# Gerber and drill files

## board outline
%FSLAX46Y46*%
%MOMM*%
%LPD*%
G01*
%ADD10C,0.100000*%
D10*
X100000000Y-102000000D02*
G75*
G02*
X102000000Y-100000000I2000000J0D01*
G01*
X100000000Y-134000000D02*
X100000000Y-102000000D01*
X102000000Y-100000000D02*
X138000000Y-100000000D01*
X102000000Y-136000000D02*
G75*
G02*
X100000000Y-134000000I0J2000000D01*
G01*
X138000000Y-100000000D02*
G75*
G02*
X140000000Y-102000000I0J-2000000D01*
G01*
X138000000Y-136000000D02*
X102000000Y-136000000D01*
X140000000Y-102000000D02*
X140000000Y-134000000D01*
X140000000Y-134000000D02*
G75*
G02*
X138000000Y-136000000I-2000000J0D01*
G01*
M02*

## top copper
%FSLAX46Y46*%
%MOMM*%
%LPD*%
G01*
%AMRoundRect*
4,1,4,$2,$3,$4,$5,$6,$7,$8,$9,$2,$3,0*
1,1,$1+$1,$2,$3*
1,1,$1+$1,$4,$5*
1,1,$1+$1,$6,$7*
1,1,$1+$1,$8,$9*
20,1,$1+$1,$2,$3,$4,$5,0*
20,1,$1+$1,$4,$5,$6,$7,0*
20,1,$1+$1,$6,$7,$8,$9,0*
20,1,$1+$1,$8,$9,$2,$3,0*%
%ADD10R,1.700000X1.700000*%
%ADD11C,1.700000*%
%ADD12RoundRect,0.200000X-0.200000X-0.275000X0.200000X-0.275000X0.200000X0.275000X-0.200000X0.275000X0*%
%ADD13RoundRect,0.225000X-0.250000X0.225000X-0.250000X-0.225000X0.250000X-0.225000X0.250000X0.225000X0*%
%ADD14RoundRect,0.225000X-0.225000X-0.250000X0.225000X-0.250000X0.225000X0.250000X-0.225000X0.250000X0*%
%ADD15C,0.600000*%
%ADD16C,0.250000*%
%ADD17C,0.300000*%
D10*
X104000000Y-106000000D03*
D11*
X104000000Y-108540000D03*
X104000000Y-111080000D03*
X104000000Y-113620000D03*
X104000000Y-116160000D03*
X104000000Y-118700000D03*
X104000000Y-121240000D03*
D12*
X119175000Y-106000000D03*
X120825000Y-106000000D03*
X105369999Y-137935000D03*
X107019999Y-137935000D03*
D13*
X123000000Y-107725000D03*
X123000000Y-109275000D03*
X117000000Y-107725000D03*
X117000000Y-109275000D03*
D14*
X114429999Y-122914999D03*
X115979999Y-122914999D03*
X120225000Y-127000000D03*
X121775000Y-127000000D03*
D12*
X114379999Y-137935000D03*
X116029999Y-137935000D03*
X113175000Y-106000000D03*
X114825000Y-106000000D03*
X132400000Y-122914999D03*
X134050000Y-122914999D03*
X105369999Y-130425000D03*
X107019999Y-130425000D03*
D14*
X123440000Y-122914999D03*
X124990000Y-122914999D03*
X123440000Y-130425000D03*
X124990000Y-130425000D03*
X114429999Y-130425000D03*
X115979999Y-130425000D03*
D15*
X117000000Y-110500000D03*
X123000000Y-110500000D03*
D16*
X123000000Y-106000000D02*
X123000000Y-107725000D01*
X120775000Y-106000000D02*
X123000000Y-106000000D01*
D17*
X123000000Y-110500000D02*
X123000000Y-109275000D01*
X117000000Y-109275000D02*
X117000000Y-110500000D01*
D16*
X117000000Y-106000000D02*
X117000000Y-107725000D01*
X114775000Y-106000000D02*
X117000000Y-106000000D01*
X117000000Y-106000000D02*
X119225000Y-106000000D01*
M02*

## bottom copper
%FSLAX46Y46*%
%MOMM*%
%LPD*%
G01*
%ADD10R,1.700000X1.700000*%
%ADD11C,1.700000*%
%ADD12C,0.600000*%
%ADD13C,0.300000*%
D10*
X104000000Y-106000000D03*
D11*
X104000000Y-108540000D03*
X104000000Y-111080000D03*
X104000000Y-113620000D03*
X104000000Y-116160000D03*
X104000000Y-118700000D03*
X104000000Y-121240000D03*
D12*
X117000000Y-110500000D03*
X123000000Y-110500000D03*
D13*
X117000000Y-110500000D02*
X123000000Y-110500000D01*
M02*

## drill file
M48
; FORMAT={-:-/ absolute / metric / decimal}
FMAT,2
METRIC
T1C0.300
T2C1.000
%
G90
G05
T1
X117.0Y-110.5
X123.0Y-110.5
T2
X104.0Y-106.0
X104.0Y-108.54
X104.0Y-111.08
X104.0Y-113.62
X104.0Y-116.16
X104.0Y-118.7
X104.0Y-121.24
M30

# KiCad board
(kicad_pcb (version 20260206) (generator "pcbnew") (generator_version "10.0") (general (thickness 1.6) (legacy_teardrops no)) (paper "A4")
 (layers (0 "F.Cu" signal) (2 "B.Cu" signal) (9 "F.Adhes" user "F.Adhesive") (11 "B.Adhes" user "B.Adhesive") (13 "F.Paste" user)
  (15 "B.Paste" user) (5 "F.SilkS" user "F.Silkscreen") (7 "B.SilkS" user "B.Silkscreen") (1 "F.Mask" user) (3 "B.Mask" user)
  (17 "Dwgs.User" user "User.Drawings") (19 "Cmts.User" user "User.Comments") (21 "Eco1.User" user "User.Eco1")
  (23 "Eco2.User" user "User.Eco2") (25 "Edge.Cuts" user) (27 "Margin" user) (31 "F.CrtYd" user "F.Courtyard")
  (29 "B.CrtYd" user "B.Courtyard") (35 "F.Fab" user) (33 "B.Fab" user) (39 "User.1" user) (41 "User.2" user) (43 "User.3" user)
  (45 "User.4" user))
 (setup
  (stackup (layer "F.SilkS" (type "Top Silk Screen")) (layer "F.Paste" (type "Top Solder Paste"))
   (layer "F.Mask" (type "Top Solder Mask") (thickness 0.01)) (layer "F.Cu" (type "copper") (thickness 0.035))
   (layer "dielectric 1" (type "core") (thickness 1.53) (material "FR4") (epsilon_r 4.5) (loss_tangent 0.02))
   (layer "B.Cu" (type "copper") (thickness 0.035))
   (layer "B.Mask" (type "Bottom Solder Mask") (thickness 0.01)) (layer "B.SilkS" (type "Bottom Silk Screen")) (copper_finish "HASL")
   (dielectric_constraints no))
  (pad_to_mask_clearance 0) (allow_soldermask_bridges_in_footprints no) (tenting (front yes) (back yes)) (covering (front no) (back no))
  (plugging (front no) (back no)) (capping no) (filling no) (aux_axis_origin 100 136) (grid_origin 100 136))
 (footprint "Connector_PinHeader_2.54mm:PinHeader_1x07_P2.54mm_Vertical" (layer "F.Cu") (at 104 106)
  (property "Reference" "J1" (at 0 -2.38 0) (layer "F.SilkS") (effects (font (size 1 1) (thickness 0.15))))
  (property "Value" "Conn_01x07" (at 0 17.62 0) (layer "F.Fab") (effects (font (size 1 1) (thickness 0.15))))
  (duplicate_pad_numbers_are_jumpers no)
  (pad "1" thru_hole rect (at 0 0) (size 1.7 1.7) (drill 1) (layers "*.Cu" "*.Mask") (remove_unused_layers no) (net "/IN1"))
  (pad "2" thru_hole circle (at 0 2.54) (size 1.7 1.7) (drill 1) (layers "*.Cu" "*.Mask") (remove_unused_layers no) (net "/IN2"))
  (pad "3" thru_hole circle (at 0 5.08) (size 1.7 1.7) (drill 1) (layers "*.Cu" "*.Mask") (remove_unused_layers no) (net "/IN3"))
  (pad "4" thru_hole circle (at 0 7.62) (size 1.7 1.7) (drill 1) (layers "*.Cu" "*.Mask") (remove_unused_layers no) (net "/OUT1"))
  (pad "5" thru_hole circle (at 0 10.16) (size 1.7 1.7) (drill 1) (layers "*.Cu" "*.Mask") (remove_unused_layers no) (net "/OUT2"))
  (pad "6" thru_hole circle (at 0 12.7) (size 1.7 1.7) (drill 1) (layers "*.Cu" "*.Mask") (remove_unused_layers no) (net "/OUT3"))
  (pad "7" thru_hole circle (at 0 15.24) (size 1.7 1.7) (drill 1) (layers "*.Cu" "*.Mask") (remove_unused_layers no) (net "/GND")))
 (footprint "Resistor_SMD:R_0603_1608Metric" (layer "F.Cu") (at 120 106)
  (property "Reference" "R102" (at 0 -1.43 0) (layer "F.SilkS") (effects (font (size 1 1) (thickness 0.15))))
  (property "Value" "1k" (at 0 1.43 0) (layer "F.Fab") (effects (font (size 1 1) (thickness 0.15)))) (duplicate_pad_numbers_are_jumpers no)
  (pad "1" smd roundrect (at -0.825 0) (size 0.8 0.95) (layers "F.Cu" "F.Mask" "F.Paste") (roundrect_rratio 0.25) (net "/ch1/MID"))
  (pad "2" smd roundrect (at 0.825 0) (size 0.8 0.95) (layers "F.Cu" "F.Mask" "F.Paste") (roundrect_rratio 0.25) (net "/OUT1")))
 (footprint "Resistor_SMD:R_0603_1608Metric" (layer "F.Cu") (at 106.194999 137.935)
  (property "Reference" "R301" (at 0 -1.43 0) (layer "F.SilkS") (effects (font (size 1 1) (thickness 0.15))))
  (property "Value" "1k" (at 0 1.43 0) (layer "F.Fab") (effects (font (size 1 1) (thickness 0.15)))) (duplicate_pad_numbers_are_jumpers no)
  (pad "1" smd roundrect (at -0.825 0) (size 0.8 0.95) (layers "F.Cu" "F.Mask" "F.Paste") (roundrect_rratio 0.25) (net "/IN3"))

_____

Task prompt ▸ Write down only the number of lines above where the word "SilkS" occurs.

Output ▸ 6